_Exercise description_
Pick out all lines of the entries that include the word "property" and copy them.

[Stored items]
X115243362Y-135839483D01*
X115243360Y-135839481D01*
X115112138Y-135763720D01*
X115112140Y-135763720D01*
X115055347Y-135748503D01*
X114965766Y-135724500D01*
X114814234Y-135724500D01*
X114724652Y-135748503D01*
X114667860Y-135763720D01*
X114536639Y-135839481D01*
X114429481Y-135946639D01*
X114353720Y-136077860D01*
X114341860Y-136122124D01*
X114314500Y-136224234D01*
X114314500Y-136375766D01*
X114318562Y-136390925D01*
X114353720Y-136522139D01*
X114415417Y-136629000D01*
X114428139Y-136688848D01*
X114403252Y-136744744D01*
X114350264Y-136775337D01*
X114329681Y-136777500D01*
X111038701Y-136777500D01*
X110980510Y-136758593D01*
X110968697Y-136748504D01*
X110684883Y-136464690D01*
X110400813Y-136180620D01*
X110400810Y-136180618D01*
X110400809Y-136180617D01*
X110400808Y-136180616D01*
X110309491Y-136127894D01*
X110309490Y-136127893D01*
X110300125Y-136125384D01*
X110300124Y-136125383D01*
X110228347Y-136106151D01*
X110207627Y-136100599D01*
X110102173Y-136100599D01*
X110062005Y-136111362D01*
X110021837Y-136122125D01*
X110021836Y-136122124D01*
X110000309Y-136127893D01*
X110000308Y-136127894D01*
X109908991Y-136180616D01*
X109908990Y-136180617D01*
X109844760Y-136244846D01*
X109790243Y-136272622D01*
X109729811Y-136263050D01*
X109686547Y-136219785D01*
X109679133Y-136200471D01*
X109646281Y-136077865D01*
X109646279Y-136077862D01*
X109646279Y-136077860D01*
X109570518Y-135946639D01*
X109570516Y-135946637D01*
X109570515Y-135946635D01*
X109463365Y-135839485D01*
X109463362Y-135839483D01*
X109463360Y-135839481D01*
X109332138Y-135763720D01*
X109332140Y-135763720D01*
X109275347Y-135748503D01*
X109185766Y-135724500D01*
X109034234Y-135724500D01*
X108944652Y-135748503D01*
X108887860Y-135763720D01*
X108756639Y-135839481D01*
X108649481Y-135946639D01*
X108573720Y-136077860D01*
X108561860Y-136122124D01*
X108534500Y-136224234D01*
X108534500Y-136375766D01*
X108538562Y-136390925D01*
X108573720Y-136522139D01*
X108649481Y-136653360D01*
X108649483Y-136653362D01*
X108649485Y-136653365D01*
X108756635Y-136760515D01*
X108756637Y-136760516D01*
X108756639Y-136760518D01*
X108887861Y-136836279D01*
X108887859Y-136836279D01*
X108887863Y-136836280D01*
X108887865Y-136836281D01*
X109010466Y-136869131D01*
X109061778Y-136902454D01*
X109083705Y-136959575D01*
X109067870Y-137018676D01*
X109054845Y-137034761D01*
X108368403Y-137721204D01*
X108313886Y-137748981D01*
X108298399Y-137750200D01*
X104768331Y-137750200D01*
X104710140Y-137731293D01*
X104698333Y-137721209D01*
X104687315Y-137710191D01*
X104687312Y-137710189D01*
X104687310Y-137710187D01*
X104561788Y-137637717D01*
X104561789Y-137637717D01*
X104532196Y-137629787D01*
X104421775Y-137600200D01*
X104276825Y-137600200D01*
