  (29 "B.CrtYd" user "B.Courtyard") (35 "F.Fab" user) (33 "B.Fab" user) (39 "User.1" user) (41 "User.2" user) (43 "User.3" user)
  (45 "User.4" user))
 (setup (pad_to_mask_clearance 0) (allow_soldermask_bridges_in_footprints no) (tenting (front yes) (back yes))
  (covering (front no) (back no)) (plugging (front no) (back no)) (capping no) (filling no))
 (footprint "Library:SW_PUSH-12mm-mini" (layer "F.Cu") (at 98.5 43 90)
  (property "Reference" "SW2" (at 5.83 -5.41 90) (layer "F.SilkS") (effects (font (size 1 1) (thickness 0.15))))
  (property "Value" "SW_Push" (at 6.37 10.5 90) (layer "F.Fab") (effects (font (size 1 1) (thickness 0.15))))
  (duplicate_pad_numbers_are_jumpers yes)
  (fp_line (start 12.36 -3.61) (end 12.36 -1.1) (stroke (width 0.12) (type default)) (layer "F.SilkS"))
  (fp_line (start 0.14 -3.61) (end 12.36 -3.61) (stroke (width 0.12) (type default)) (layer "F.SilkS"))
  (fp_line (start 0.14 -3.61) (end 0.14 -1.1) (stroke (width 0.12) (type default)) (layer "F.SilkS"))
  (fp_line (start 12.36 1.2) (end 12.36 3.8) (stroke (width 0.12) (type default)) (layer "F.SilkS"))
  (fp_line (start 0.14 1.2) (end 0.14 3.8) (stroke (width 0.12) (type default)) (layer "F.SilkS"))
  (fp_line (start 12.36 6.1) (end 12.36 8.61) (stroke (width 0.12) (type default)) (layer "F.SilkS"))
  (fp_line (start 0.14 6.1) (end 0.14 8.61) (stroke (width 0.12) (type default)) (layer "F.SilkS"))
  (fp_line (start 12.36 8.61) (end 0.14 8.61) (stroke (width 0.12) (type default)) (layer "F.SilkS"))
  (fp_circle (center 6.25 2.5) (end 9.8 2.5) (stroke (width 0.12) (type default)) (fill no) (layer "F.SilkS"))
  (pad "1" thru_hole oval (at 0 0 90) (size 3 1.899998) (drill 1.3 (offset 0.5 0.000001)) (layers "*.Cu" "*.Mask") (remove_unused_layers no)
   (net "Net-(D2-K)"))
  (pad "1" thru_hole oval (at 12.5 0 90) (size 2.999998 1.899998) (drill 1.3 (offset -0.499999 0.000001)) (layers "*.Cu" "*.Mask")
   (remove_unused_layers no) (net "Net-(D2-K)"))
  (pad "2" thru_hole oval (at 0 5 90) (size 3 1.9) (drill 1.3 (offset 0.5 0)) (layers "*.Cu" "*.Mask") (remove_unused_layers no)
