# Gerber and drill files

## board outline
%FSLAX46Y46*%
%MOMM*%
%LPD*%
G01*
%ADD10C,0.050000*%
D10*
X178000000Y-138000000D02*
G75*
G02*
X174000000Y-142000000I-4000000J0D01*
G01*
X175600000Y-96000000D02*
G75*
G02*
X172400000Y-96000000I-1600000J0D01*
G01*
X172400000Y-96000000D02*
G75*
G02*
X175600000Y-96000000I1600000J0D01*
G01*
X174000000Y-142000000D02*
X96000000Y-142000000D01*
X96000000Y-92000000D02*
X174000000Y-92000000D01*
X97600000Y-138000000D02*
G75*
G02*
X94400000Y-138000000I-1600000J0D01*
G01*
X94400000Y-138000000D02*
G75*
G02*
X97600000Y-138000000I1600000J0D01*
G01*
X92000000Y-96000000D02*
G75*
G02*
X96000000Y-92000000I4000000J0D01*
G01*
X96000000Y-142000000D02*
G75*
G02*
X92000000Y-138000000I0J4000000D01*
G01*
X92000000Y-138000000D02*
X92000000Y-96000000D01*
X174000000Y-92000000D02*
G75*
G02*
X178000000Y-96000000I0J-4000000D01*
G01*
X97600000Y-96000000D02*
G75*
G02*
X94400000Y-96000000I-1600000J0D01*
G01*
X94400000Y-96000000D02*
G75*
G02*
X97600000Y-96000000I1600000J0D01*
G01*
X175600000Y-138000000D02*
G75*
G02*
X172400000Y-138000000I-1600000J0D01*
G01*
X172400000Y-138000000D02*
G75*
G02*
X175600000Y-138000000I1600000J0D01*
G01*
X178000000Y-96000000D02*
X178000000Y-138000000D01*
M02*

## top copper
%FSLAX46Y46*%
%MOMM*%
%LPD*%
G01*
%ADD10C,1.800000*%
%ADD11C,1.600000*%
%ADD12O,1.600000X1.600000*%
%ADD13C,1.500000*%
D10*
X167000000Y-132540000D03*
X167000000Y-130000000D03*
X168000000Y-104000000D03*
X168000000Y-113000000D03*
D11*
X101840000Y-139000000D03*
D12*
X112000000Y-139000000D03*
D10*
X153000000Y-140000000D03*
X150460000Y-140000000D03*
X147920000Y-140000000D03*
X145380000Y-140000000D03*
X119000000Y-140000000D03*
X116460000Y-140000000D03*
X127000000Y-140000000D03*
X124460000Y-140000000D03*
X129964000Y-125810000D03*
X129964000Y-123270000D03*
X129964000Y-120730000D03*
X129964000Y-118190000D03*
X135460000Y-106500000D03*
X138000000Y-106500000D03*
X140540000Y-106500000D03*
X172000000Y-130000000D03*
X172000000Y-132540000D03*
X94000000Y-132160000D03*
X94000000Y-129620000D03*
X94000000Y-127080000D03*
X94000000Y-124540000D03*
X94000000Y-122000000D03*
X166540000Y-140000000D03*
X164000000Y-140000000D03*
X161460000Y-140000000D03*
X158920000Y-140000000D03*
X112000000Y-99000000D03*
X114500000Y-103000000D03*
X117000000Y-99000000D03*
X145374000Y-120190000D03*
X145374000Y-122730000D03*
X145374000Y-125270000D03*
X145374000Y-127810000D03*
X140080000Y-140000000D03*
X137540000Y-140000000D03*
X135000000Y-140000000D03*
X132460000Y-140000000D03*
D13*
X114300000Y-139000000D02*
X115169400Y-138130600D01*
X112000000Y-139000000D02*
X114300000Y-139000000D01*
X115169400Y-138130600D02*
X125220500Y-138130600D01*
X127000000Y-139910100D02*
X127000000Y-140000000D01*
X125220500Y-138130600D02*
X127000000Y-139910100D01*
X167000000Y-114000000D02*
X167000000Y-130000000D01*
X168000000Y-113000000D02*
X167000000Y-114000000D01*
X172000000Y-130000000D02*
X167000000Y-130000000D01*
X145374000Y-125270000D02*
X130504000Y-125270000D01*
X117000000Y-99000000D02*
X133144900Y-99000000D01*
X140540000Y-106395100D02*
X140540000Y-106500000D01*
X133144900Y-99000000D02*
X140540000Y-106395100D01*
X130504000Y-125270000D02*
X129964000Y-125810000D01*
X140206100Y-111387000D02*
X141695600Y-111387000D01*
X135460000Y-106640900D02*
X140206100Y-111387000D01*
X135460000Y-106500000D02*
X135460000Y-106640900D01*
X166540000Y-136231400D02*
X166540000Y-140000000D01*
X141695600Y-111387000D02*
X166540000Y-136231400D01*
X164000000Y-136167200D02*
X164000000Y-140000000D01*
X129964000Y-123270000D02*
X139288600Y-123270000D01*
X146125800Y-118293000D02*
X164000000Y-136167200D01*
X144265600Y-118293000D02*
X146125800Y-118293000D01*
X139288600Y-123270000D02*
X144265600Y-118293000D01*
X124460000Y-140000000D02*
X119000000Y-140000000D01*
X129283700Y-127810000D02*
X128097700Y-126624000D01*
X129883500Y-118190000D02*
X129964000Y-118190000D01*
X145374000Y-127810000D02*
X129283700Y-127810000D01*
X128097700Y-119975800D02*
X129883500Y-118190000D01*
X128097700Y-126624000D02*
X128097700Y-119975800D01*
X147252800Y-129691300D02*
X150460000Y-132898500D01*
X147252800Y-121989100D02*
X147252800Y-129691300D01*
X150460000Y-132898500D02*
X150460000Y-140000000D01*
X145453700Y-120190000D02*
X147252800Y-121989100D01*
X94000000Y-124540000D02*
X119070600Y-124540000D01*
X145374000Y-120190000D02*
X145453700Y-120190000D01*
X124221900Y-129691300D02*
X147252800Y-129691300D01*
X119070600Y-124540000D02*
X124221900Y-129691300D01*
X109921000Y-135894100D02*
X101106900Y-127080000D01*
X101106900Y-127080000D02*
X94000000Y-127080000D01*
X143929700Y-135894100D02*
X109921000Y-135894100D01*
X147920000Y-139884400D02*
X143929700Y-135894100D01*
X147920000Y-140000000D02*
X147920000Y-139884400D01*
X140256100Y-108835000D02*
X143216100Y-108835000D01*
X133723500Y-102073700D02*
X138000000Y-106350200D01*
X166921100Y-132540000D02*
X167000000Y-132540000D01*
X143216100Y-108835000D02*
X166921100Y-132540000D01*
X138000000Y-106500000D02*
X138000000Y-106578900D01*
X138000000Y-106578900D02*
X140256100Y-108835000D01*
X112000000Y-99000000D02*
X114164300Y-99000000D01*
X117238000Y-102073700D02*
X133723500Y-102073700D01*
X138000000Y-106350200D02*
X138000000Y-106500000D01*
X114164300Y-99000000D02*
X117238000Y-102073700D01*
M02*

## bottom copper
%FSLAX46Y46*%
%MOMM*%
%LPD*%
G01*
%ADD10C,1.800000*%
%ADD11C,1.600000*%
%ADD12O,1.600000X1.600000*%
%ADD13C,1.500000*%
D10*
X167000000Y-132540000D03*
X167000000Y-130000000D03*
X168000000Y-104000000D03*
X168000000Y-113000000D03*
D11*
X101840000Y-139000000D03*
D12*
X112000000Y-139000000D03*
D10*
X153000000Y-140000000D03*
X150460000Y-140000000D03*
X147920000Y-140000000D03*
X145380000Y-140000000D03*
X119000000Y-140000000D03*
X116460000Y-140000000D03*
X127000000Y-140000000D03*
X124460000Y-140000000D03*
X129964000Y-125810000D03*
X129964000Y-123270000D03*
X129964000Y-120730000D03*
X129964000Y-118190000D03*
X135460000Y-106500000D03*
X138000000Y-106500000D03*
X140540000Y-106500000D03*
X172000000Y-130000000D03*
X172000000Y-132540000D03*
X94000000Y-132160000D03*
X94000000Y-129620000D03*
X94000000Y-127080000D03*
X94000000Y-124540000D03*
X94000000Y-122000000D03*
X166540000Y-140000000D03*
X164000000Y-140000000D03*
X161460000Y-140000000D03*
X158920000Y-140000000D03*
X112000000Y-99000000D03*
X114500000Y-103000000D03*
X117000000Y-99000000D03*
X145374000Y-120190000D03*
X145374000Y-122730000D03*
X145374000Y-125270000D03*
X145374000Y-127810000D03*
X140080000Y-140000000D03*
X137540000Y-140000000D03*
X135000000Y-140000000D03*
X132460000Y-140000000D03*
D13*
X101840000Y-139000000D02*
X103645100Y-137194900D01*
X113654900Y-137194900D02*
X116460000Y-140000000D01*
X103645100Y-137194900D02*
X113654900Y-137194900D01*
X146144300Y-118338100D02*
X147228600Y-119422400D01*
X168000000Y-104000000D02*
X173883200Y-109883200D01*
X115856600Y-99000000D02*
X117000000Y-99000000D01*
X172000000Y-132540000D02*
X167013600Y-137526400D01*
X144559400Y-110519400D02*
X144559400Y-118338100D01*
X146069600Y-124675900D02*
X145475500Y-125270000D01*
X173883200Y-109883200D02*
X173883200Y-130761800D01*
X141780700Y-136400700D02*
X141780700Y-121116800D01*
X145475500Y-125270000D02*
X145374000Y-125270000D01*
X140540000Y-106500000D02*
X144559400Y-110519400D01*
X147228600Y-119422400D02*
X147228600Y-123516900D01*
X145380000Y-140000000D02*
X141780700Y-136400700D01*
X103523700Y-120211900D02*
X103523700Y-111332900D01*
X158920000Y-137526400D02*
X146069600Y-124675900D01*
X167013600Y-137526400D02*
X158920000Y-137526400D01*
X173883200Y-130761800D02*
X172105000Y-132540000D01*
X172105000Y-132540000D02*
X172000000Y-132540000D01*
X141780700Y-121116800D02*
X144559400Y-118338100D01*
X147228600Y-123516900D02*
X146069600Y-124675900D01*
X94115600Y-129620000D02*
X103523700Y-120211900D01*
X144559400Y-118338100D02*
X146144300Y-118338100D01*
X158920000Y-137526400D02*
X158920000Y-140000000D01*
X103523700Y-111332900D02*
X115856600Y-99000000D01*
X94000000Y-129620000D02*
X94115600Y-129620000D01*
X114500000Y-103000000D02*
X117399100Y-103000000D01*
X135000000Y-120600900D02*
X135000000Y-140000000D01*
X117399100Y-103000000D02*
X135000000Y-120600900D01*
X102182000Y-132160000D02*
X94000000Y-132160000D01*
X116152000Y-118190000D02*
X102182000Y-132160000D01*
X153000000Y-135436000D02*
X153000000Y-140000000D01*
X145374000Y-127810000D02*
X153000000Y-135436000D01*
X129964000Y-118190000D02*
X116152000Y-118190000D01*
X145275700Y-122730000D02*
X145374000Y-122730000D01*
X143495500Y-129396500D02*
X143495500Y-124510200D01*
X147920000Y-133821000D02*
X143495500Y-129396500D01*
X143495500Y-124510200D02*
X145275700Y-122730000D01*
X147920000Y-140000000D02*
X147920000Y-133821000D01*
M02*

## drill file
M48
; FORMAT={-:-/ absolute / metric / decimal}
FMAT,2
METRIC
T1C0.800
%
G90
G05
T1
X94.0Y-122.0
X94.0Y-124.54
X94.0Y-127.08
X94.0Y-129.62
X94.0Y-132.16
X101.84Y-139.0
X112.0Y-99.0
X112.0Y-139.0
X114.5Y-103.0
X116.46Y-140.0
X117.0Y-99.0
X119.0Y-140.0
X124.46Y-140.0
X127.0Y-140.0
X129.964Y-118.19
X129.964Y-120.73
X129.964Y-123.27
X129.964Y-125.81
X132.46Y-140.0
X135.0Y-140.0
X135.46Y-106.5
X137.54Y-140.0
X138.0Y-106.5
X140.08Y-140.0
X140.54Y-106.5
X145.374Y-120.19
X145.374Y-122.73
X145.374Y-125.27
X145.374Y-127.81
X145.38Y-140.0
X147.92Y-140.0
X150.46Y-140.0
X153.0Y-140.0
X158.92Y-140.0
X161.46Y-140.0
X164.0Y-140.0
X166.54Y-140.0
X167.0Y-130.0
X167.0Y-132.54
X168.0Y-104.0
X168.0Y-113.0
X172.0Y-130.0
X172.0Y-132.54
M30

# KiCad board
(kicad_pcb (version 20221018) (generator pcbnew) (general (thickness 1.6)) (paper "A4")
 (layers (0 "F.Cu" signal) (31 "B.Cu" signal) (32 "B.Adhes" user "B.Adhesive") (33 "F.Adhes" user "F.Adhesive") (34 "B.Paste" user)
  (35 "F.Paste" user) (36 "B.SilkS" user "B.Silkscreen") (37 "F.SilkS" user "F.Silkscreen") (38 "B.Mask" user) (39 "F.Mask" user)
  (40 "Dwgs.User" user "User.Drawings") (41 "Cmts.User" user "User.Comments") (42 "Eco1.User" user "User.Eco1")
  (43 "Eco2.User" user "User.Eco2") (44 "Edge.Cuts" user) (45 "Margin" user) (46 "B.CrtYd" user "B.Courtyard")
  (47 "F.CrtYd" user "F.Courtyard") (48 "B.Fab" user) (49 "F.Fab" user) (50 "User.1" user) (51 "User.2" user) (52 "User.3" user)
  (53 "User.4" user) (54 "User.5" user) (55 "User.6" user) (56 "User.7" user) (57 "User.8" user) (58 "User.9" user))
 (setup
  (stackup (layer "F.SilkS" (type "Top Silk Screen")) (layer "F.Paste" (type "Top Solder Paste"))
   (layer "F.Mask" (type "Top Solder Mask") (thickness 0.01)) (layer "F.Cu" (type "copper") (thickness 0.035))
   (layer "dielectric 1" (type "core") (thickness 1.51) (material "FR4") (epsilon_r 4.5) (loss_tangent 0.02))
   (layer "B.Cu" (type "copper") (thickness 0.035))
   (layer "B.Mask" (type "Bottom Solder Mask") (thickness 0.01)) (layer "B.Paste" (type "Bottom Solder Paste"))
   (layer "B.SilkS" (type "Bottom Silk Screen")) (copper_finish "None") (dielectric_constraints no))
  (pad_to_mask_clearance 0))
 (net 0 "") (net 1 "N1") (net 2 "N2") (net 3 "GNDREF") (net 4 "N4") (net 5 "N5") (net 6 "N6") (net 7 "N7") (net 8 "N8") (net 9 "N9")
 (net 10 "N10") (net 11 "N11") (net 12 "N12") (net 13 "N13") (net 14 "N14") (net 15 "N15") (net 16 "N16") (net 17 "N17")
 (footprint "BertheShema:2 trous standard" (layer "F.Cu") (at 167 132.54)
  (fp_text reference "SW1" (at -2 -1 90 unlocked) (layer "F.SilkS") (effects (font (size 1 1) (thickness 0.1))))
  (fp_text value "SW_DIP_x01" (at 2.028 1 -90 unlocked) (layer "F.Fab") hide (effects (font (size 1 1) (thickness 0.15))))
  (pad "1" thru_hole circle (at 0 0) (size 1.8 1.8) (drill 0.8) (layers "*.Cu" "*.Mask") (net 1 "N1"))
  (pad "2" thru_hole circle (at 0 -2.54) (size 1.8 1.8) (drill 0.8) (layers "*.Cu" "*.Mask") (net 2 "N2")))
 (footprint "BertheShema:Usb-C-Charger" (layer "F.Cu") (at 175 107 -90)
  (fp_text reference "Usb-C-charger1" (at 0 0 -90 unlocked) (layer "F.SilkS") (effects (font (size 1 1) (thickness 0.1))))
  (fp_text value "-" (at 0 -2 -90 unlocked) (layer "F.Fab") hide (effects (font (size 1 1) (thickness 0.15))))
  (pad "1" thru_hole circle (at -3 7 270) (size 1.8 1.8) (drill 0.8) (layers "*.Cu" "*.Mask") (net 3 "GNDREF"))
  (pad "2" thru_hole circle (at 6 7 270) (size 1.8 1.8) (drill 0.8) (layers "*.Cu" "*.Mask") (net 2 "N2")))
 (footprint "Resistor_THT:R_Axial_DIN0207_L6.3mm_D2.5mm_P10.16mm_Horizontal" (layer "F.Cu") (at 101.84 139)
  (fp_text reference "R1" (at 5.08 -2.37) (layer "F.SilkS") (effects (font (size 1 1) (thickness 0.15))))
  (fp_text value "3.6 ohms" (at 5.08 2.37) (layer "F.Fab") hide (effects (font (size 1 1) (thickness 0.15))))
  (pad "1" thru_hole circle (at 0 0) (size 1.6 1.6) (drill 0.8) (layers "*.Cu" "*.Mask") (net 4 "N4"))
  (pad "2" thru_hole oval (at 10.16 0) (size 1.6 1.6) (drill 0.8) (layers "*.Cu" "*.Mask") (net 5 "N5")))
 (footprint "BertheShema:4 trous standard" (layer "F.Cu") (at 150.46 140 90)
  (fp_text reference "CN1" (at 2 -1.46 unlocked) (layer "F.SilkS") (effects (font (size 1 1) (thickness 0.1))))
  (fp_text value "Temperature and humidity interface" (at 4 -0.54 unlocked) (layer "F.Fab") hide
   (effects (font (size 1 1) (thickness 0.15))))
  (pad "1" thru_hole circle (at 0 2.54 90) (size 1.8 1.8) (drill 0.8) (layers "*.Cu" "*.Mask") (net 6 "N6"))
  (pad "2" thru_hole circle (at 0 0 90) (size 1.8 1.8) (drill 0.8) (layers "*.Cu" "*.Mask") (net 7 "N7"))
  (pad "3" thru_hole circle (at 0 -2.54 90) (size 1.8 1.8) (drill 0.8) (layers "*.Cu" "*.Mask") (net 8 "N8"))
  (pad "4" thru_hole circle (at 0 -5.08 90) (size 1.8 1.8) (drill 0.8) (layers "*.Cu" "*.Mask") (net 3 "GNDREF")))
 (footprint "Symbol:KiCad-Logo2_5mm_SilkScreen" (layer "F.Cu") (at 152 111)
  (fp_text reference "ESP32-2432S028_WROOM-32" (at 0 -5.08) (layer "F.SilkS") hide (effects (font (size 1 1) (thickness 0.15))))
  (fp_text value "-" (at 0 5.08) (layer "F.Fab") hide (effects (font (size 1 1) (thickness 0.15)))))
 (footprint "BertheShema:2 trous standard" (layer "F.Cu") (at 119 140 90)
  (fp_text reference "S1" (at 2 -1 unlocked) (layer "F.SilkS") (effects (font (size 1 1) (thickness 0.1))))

_Worked solution_
  (property "Reference" "SW2" (at 5.83 -5.41 90) (layer "F.SilkS") (effects (font (size 1 1) (thickness 0.15))))
  (property "Value" "SW_Push" (at 6.37 10.5 90) (layer "F.Fab") (effects (font (size 1 1) (thickness 0.15))))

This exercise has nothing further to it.